Die Zeitschaltuhr zur Pumpenlaufzeit werde ich jetzt um 2 Stunden verlängern. Sie läuft dann von 7:00 morgens bis 19:00Uhr


----------



## libsy (22. Apr. 2013)

*AW: Algen und Fischsterben*

Der Filter sollte 24 Stunden am Tag laufen. So war das sicher auch mit 7/24 gemeint. *g*


----------



## troll20 (22. Apr. 2013)

*AW: Algen und Fischsterben*

Hallo Michael,

nix Zeitschaltuhr.
24/7 bedeutet 24h 7 Tage die Woche rund um die Uhr und nicht abschalten.
Als nächstes alle Goldis raus der Teich ist für die viel zu klein, das ist wie wohnen aufnem Gäste Clo.

by


----------



## Olli.P (22. Apr. 2013)

*AW: Algen und Fischsterben*

Hi,



> Jetzt sind es noch 5 kleine ca. 5-6cm und 1er mit ca.10cm



Jetzt.............. 

Und wie viele waren es vor dem sterben............ 

Ich sage dir "nur" schon mal was wieder kommen wird, was du machst entscheidest du eh selbst.................  :beten

Und ja, ein Filter sollte 24h 7 Tage die Woche laufen!

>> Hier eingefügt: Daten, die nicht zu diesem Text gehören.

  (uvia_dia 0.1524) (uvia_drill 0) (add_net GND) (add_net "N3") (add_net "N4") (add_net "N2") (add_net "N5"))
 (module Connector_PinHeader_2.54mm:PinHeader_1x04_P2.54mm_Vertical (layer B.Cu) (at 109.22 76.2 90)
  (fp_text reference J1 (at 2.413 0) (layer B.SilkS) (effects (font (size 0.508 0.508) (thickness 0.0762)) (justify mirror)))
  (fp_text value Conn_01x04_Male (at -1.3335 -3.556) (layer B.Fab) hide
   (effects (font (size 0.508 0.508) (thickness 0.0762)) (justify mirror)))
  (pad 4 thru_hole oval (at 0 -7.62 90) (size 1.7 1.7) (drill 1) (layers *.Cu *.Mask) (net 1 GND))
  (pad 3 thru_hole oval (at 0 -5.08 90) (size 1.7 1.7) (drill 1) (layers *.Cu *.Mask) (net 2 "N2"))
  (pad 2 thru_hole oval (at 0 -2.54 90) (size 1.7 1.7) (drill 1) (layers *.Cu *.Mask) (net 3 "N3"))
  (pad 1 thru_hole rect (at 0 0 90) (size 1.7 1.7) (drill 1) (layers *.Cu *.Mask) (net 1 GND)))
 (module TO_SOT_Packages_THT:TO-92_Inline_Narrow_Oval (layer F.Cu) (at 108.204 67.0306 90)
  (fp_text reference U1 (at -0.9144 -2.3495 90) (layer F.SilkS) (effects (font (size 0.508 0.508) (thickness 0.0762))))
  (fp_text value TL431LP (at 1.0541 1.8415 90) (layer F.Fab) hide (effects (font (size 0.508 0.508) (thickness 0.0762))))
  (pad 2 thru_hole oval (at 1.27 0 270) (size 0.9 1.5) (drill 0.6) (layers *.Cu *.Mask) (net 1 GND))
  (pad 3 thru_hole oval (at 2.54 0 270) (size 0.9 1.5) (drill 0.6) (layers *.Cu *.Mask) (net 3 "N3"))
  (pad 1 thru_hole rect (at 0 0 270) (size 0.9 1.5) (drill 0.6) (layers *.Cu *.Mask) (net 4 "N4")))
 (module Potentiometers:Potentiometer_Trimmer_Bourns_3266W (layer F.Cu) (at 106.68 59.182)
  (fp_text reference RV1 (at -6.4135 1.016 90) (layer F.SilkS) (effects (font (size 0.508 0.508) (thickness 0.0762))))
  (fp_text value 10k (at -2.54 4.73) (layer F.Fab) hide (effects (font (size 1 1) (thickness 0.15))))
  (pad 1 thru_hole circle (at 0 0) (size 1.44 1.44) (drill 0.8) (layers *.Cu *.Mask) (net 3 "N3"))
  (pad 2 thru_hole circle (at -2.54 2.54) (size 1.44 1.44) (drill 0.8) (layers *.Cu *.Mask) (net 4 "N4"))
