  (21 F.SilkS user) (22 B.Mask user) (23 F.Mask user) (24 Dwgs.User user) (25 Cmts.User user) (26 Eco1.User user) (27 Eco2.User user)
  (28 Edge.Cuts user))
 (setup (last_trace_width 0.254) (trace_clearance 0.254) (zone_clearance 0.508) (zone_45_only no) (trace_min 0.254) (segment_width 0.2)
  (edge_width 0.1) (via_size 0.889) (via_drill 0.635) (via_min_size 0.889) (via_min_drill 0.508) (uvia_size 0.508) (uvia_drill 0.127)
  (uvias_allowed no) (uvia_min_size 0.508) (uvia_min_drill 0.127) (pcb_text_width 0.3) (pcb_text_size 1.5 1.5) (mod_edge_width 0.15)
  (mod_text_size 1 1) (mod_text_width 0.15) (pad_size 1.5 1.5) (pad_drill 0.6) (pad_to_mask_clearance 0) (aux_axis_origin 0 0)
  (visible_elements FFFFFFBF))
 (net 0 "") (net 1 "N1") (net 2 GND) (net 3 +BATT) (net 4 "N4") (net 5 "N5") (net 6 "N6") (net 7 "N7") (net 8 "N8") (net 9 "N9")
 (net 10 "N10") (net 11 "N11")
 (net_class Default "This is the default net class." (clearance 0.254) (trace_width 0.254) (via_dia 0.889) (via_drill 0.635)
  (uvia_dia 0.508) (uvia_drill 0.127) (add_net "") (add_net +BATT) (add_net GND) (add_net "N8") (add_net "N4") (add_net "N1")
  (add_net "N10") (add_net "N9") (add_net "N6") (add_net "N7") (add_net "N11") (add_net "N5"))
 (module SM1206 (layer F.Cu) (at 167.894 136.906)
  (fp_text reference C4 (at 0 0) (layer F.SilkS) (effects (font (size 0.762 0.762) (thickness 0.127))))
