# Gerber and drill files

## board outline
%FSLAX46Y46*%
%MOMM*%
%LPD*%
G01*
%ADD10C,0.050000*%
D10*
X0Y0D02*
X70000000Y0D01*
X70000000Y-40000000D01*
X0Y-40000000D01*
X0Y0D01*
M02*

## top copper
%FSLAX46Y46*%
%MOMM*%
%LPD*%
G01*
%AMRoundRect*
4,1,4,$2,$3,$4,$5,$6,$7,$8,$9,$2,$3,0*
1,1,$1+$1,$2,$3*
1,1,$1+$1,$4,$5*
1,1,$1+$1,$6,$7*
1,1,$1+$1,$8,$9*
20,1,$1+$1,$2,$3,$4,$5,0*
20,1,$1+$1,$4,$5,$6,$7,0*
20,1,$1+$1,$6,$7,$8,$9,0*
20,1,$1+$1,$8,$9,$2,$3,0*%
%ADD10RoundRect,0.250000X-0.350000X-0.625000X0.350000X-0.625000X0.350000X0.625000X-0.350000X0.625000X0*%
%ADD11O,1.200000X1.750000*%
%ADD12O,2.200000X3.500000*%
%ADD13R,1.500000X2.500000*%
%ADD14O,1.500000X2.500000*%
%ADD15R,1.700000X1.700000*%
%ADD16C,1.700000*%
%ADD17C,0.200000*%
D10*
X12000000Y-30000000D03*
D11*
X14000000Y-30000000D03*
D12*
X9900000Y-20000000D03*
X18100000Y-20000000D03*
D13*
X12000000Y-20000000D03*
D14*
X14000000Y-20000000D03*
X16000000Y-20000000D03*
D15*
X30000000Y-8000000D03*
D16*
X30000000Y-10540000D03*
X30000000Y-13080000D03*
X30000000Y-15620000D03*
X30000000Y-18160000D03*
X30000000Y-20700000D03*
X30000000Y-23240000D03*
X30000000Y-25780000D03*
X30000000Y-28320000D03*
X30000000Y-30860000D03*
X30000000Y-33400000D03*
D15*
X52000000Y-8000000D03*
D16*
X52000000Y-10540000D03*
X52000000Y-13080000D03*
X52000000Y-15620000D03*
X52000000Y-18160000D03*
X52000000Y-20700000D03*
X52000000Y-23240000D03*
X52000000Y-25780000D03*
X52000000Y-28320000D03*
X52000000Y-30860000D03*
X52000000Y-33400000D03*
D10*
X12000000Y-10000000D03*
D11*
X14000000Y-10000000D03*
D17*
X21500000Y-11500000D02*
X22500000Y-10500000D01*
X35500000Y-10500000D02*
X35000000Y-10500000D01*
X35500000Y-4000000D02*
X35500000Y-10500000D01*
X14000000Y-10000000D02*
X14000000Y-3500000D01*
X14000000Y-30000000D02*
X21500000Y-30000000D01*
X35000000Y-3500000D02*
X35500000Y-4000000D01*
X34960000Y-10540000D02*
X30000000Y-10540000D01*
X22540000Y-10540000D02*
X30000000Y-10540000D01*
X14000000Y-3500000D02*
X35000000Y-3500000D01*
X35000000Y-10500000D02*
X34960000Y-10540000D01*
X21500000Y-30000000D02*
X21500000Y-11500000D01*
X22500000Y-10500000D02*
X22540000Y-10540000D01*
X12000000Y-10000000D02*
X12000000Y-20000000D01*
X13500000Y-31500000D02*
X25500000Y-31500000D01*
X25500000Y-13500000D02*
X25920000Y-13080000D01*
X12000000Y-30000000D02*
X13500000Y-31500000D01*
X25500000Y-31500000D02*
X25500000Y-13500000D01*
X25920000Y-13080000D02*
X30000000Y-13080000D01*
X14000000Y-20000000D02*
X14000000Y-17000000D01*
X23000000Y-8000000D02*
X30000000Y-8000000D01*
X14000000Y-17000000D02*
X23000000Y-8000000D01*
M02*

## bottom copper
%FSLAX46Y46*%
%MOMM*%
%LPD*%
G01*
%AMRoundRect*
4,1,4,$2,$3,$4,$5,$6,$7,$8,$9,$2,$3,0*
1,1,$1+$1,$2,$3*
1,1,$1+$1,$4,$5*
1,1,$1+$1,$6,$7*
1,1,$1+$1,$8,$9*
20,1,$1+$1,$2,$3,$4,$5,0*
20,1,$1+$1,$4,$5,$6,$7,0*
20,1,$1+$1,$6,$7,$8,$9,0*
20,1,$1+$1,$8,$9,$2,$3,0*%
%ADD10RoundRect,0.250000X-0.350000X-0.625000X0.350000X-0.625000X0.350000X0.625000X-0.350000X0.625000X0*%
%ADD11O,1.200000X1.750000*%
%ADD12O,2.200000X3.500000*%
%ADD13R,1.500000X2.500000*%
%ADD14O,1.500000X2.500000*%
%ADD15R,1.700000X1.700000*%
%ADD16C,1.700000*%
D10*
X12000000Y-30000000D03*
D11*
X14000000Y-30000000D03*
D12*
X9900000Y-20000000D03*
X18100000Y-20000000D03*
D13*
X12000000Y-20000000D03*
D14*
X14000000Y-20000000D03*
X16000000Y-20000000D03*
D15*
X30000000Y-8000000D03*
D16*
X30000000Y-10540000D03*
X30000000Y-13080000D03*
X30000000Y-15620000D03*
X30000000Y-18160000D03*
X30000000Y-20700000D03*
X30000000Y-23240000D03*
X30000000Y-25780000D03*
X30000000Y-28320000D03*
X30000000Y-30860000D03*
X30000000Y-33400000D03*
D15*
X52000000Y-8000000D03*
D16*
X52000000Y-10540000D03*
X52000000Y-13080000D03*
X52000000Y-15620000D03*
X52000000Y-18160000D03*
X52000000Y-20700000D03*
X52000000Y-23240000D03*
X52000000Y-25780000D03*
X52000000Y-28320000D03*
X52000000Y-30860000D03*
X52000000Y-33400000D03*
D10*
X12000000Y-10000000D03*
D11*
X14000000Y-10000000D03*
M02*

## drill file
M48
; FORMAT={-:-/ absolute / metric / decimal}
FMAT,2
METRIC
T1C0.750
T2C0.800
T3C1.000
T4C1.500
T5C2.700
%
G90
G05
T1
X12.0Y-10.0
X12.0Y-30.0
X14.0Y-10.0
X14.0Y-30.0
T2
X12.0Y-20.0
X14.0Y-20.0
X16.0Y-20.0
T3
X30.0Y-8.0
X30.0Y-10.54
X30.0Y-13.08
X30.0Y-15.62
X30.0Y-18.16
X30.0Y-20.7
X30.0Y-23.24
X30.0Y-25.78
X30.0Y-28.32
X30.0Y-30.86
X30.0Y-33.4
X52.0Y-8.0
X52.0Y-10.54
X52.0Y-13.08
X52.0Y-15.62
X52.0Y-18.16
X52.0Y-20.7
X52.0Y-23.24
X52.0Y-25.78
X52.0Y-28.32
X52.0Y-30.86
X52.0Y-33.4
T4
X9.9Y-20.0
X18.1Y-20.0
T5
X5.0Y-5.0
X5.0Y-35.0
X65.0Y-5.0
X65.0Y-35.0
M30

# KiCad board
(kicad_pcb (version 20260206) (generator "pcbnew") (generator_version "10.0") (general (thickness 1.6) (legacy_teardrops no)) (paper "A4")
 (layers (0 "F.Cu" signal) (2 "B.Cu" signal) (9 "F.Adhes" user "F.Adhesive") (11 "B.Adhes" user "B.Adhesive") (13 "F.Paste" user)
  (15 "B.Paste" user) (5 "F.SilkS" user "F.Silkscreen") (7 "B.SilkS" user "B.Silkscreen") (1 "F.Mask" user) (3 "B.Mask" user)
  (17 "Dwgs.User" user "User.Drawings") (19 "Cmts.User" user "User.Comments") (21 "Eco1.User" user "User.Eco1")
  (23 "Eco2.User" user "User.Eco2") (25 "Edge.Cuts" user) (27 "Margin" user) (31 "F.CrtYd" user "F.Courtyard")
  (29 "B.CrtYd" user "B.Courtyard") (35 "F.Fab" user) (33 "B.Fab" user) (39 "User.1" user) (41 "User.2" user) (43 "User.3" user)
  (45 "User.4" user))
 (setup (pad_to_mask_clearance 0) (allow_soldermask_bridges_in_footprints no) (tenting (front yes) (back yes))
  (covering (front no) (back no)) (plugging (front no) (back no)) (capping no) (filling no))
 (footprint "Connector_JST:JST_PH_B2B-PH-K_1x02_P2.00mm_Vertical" (layer "F.Cu") (at 12 30)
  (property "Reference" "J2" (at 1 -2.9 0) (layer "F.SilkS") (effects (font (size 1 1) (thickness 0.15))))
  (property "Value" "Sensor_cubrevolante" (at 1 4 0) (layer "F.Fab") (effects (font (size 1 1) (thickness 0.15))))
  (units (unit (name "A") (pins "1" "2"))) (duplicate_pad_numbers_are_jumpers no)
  (pad "1" thru_hole roundrect (at 0 0) (size 1.2 1.75) (drill 0.75) (layers "*.Cu" "*.Mask") (remove_unused_layers no)
   (roundrect_rratio 0.208333) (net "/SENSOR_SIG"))
  (pad "2" thru_hole oval (at 2 0) (size 1.2 1.75) (drill 0.75) (layers "*.Cu" "*.Mask") (remove_unused_layers no) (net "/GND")))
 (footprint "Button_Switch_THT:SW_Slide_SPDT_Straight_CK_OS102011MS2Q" (layer "F.Cu") (at 12 20)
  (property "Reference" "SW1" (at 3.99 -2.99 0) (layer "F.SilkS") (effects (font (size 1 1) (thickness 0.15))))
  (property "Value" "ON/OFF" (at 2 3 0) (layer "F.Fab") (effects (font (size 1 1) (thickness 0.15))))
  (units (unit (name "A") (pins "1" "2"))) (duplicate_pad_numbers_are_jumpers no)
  (pad "" thru_hole oval (at -2.1 0) (size 2.2 3.5) (drill 1.5) (layers "*.Cu" "*.Mask") (remove_unused_layers no))
  (pad "" thru_hole oval (at 6.1 0) (size 2.2 3.5) (drill 1.5) (layers "*.Cu" "*.Mask") (remove_unused_layers no))
  (pad "1" thru_hole rect (at 0 0) (size 1.5 2.5) (drill 0.8) (layers "*.Cu" "*.Mask") (remove_unused_layers no) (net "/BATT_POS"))
  (pad "2" thru_hole oval (at 2 0) (size 1.5 2.5) (drill 0.8) (layers "*.Cu" "*.Mask") (remove_unused_layers no) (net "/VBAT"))
  (pad "3" thru_hole oval (at 4 0) (size 1.5 2.5) (drill 0.8) (layers "*.Cu" "*.Mask") (remove_unused_layers no)))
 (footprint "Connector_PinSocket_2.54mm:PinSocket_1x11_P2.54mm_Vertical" (layer "F.Cu") (at 30 8)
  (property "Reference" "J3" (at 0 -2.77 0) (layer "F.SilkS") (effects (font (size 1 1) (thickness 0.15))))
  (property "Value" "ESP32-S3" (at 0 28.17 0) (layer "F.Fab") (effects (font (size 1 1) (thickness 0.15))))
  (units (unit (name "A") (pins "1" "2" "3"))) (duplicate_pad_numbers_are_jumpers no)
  (pad "1" thru_hole rect (at 0 0) (size 1.7 1.7) (drill 1) (layers "*.Cu" "*.Mask") (remove_unused_layers no) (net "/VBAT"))
  (pad "2" thru_hole circle (at 0 2.54) (size 1.7 1.7) (drill 1) (layers "*.Cu" "*.Mask") (remove_unused_layers no) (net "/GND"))
  (pad "3" thru_hole circle (at 0 5.08) (size 1.7 1.7) (drill 1) (layers "*.Cu" "*.Mask") (remove_unused_layers no) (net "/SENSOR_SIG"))
  (pad "4" thru_hole circle (at 0 7.62) (size 1.7 1.7) (drill 1) (layers "*.Cu" "*.Mask") (remove_unused_layers no))
  (pad "5" thru_hole circle (at 0 10.16) (size 1.7 1.7) (drill 1) (layers "*.Cu" "*.Mask") (remove_unused_layers no))
  (pad "6" thru_hole circle (at 0 12.7) (size 1.7 1.7) (drill 1) (layers "*.Cu" "*.Mask") (remove_unused_layers no))
  (pad "7" thru_hole circle (at 0 15.24) (size 1.7 1.7) (drill 1) (layers "*.Cu" "*.Mask") (remove_unused_layers no))
  (pad "8" thru_hole circle (at 0 17.78) (size 1.7 1.7) (drill 1) (layers "*.Cu" "*.Mask") (remove_unused_layers no))
  (pad "9" thru_hole circle (at 0 20.32) (size 1.7 1.7) (drill 1) (layers "*.Cu" "*.Mask") (remove_unused_layers no))
  (pad "10" thru_hole circle (at 0 22.86) (size 1.7 1.7) (drill 1) (layers "*.Cu" "*.Mask") (remove_unused_layers no))
  (pad "11" thru_hole circle (at 0 25.4) (size 1.7 1.7) (drill 1) (layers "*.Cu" "*.Mask") (remove_unused_layers no)))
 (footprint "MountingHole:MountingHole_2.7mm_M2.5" (layer "F.Cu") (at 65 35)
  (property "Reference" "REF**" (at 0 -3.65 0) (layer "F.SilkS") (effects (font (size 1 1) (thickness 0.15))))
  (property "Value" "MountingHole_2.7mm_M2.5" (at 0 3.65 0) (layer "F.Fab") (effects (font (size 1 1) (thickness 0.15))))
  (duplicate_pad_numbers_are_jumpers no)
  (pad "" np_thru_hole circle (at 0 0) (size 2.7 2.7) (drill 2.7) (layers "*.Cu" "*.Mask")))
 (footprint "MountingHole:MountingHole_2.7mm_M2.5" (layer "F.Cu") (at 65 5)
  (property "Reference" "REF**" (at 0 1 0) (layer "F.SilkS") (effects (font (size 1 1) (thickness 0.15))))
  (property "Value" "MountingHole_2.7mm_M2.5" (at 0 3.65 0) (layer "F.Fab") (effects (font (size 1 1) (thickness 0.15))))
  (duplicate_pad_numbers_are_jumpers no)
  (pad "" np_thru_hole circle (at 0 0) (size 2.7 2.7) (drill 2.7) (layers "*.Cu" "*.Mask")))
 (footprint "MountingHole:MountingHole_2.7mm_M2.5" (layer "F.Cu") (at 5 5)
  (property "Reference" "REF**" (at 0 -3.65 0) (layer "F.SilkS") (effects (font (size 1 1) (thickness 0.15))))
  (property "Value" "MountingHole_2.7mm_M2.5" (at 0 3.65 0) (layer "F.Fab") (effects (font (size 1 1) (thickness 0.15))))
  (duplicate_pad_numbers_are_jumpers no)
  (pad "" np_thru_hole circle (at 0 0) (size 2.7 2.7) (drill 2.7) (layers "*.Cu" "*.Mask")))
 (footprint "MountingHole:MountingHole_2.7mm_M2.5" (layer "F.Cu") (at 5 35)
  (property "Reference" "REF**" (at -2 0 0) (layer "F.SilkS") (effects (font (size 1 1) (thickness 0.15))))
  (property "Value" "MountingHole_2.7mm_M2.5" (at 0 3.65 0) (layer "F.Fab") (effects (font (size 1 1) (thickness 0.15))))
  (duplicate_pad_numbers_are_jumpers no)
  (pad "" np_thru_hole circle (at 0 0) (size 2.7 2.7) (drill 2.7) (layers "*.Cu" "*.Mask")))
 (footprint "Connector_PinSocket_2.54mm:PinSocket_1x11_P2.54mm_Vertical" (layer "F.Cu") (at 52 8)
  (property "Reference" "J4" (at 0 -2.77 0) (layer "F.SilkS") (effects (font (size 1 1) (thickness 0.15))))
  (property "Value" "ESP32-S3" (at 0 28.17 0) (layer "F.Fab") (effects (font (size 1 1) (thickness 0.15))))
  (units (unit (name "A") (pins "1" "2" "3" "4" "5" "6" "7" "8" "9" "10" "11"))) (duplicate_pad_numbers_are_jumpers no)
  (pad "1" thru_hole rect (at 0 0) (size 1.7 1.7) (drill 1) (layers "*.Cu" "*.Mask") (remove_unused_layers no)
   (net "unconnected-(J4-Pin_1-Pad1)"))
  (pad "2" thru_hole circle (at 0 2.54) (size 1.7 1.7) (drill 1) (layers "*.Cu" "*.Mask") (remove_unused_layers no)
   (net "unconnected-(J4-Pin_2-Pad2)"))
  (pad "3" thru_hole circle (at 0 5.08) (size 1.7 1.7) (drill 1) (layers "*.Cu" "*.Mask") (remove_unused_layers no)
   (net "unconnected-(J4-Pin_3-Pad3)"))
  (pad "4" thru_hole circle (at 0 7.62) (size 1.7 1.7) (drill 1) (layers "*.Cu" "*.Mask") (remove_unused_layers no)
   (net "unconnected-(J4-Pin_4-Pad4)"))
  (pad "5" thru_hole circle (at 0 10.16) (size 1.7 1.7) (drill 1) (layers "*.Cu" "*.Mask") (remove_unused_layers no)
   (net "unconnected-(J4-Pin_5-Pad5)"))
  (pad "6" thru_hole circle (at 0 12.7) (size 1.7 1.7) (drill 1) (layers "*.Cu" "*.Mask") (remove_unused_layers no)
   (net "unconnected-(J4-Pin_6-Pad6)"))
  (pad "7" thru_hole circle (at 0 15.24) (size 1.7 1.7) (drill 1) (layers "*.Cu" "*.Mask") (remove_unused_layers no)
   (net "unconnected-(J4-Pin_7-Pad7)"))
  (pad "8" thru_hole circle (at 0 17.78) (size 1.7 1.7) (drill 1) (layers "*.Cu" "*.Mask") (remove_unused_layers no)
   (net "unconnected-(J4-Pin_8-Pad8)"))
  (pad "9" thru_hole circle (at 0 20.32) (size 1.7 1.7) (drill 1) (layers "*.Cu" "*.Mask") (remove_unused_layers no)
   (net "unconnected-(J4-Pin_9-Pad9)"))
  (pad "10" thru_hole circle (at 0 22.86) (size 1.7 1.7) (drill 1) (layers "*.Cu" "*.Mask") (remove_unused_layers no)
   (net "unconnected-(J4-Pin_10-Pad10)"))
  (pad "11" thru_hole circle (at 0 25.4) (size 1.7 1.7) (drill 1) (layers "*.Cu" "*.Mask") (remove_unused_layers no)
   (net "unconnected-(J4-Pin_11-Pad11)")))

Du kannst eigentlich von Glück sagen, das es von 2001 bis jetzt gedauert hat, mit dem Gau.....................


----------



## burki (22. Apr. 2013)

*AW: Algen und Fischsterben*

Hallo

Fische raus (das ist Tierquälerei) ! Und keine Chemie mehr!

1000L und FIsche das passt garnicht, jedenfalls keine Goldfische.

Warum wurden in so einem kleinen Teich überhaupt Fische eingesetzt?

Mache dir aus dem Becken einen schönen Pflanzenteich, dann brauchst auch die Pumpe nicht mehr und Chemie schon garnicht.

Viel Erfolg.


----------



## Moonlight (22. Apr. 2013)

*AW: Algen und Fischsterben*

Hey Michael,

erst mal Herzlich Willkommen 

Du hast einige Fehler gemacht und damit das Gleichgewicht des Teiches zerstört.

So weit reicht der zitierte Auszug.